Wie schon so oft zuvor, wird wohl auch dieser Beitrag in der Politik unbeachtet bleiben. Unsere bisherigen Erfahrungen schließen ein erfolgreiches Klageverfahren vor dem Verwaltungsgericht nahezu aus. Aber wir haben Übung und vielleicht investieren wir wieder ein paar Stunden Arbeit, um zumindest symbolisch Widerstand zu leisten.

So bleiben uns Bürgern nur wenige Möglichkeiten, uns gegen diese Willkür, gegen diese Ungesetzlichkeit, gegen diese Verfassungswidrigkeit zur Wehr zu setzen:

1) Der Weg auf die Straße -> wir sind am kommenden Wochenende in BERLIN #Freiheitstag #b2808 #b2908 und hoffen, dass viele mit uns dort für unsere Grundrechte demonstrieren. Eine Erlaubnis dazu benötigen wir NICHT.

2) Der Boykott. Eine wirksame Methode des Widerstands ist es, alle Maßnahmen und Orte zu boykottieren, die dem Staat die Durchsetzung der Maßnahmen ermöglichen. Also, lassen wir die Haare wachsen, egal wie lang, oder schneiden wir sie uns selbst. Gegen wir nicht mehr an Orte, wo unsinnigerweise Tests o.ä. angeordnet werden. Entziehen wir dem System Geld und damit Macht. Dies wird in den kommenden Monaten ein wichtiger Teil unserer Proteste ausmachen.

Dennoch kann es passieren, dass man bei dem aktuellen Verordnungs-Dschungel einmal einen Fehler macht und man vom Staat mit seinen sehr aktiven Repressionsorganen einer Ordnungswidrigkeit oder gar einer Straftat verdächtigt wird.

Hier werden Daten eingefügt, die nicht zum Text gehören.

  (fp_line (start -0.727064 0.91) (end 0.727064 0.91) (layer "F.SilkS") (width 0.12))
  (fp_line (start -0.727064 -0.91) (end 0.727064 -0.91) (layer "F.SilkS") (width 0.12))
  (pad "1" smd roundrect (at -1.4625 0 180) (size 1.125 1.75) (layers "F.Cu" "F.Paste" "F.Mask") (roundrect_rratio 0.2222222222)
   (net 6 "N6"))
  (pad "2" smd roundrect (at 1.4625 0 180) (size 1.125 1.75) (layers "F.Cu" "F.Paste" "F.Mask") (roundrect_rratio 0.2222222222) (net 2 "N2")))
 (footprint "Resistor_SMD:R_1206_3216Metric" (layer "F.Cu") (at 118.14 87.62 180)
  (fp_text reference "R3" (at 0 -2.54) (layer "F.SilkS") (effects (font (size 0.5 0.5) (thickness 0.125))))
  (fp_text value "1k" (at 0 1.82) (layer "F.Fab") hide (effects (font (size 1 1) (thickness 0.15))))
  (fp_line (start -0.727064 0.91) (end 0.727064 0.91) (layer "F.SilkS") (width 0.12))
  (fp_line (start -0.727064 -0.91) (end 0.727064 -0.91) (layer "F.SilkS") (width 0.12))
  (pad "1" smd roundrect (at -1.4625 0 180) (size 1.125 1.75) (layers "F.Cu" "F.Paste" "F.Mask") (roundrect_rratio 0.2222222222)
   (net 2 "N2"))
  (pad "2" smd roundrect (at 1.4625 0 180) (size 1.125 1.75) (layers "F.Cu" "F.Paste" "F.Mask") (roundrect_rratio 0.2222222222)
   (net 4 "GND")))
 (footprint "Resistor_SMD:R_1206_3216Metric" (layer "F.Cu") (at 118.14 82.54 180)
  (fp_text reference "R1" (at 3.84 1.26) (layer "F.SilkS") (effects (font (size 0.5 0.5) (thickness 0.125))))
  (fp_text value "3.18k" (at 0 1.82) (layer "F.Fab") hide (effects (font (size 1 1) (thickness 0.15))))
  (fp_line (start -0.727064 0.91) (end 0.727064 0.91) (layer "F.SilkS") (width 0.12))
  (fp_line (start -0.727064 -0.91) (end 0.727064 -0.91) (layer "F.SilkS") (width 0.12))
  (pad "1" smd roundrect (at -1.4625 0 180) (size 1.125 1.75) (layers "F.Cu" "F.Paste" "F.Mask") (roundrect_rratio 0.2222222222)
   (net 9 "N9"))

Sollte es unglücklicherweise zu einem Ordnungswidrigkeitenverstoß kommen, so muss dies dennoch nicht unbedingt das Schlechteste sein.

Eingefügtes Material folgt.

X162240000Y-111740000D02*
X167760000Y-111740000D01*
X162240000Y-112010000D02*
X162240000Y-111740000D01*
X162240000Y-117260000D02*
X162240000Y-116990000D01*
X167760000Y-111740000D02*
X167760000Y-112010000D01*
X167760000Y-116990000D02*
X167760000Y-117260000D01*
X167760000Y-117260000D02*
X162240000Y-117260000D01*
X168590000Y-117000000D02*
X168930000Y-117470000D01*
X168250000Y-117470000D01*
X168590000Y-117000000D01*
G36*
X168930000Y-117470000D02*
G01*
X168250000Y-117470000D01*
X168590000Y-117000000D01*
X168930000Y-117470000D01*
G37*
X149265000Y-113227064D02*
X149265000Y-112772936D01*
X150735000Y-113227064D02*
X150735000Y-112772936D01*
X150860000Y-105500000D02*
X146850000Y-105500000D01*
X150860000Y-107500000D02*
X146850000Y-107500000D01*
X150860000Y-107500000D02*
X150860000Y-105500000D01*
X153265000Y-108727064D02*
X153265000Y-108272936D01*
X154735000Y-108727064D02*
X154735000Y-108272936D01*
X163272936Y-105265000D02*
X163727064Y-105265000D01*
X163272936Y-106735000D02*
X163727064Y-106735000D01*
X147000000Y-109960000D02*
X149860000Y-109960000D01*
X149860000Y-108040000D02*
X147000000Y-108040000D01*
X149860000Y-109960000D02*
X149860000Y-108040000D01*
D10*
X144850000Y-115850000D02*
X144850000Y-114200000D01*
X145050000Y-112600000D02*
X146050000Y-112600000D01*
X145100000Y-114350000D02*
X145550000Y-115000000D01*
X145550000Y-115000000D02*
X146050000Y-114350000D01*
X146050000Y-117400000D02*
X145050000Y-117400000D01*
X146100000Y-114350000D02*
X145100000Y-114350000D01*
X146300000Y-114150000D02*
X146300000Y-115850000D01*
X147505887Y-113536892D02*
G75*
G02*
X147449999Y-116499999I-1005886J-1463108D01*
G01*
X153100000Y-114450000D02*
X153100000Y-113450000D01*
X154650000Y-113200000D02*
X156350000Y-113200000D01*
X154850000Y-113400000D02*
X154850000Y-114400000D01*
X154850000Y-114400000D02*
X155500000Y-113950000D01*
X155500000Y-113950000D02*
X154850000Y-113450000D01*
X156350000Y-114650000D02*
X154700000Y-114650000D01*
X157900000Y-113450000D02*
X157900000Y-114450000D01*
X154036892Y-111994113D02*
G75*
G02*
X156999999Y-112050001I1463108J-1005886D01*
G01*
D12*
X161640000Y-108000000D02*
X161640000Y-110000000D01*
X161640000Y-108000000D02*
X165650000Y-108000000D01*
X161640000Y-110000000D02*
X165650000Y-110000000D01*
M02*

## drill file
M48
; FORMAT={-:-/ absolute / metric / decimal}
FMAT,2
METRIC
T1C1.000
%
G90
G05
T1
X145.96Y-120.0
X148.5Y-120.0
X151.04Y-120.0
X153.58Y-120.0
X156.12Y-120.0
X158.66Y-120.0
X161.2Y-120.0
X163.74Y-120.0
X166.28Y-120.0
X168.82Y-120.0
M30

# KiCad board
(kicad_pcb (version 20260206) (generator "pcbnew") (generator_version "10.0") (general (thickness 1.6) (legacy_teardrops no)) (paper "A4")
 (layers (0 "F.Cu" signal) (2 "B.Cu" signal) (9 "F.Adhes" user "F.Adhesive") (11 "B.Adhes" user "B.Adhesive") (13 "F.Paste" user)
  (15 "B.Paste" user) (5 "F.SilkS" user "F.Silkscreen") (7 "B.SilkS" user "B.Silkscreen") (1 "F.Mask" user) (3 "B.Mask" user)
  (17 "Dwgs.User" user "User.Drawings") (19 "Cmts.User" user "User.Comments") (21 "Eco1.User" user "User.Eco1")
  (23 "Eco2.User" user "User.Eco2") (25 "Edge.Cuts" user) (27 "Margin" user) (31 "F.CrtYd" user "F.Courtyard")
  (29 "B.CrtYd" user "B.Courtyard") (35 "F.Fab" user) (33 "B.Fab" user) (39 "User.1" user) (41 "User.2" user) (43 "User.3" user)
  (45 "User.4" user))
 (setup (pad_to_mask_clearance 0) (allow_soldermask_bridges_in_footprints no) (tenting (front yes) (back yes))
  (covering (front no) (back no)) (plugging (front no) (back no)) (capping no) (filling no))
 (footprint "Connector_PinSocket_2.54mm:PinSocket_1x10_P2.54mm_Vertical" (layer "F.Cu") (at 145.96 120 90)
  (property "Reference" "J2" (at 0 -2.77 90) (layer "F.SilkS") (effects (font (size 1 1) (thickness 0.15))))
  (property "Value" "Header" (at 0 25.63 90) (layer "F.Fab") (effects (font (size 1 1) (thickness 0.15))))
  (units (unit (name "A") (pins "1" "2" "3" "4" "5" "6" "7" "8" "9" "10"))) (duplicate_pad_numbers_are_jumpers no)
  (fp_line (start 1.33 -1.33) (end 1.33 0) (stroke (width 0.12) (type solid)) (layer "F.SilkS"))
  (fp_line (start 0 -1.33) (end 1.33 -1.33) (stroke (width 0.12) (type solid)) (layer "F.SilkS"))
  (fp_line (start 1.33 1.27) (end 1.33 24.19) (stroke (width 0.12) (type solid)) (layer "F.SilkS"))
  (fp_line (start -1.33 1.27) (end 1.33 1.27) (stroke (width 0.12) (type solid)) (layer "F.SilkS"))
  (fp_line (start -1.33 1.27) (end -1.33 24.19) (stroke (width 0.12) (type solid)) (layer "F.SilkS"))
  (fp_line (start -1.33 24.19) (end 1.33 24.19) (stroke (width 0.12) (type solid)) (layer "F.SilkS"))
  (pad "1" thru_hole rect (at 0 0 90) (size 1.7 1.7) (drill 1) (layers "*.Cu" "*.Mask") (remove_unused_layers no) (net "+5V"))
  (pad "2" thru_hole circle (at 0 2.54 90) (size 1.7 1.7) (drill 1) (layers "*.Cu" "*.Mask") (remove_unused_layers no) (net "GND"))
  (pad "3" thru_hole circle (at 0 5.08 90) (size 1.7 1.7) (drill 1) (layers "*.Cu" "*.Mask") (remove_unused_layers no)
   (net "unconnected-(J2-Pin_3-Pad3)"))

Denn im Gegensatz zu einer Klage vor dem Verwaltungsgericht, muss in einem Verfahren vor dem Amtsgericht Beweis erhoben und die Verfassungsgemäßheit der Anordnungen geprüft werden. Wie beschrieben führte dies in Garmisch zum Freispruch eines Versammlungsleisters, der die Teilnehmer zum Ablegen der Maske aufgefordert hatte.

Dies ist eigentlich eine Straftat, doch das Gericht entschied, dass das Anordnen einer Maskenpflicht im Freien per se rechtswidrig war und mithin der Versammlungsleiter nicht gegen eine rechtswidrige Auflage verstoßen kann.

Von Amtsrichtern wird jedenfalls weit eher Recht gesprochen als von Verwaltungsrichtern, die sich als Erfüllungsgehilfen der Verwaltung verstehen.

Wir wünschen uns, dass die Exekutive zur Besinnung kommt und den Bürger, seine Grundrechte und Freiheiten wieder ernst nimmt. Dass der Staat den Bürger aus der Geißel einer Corona-Zero Risk-Startegie entlässt. Die aktuelle Politik spaltet und zerstört unsere Gesellschaft.

Einigkeit und Recht und Freiheit sind des Glückes Unterpfand. Danach lasst uns alle streben, brüderlich mit Herz und Hand (und Verstand).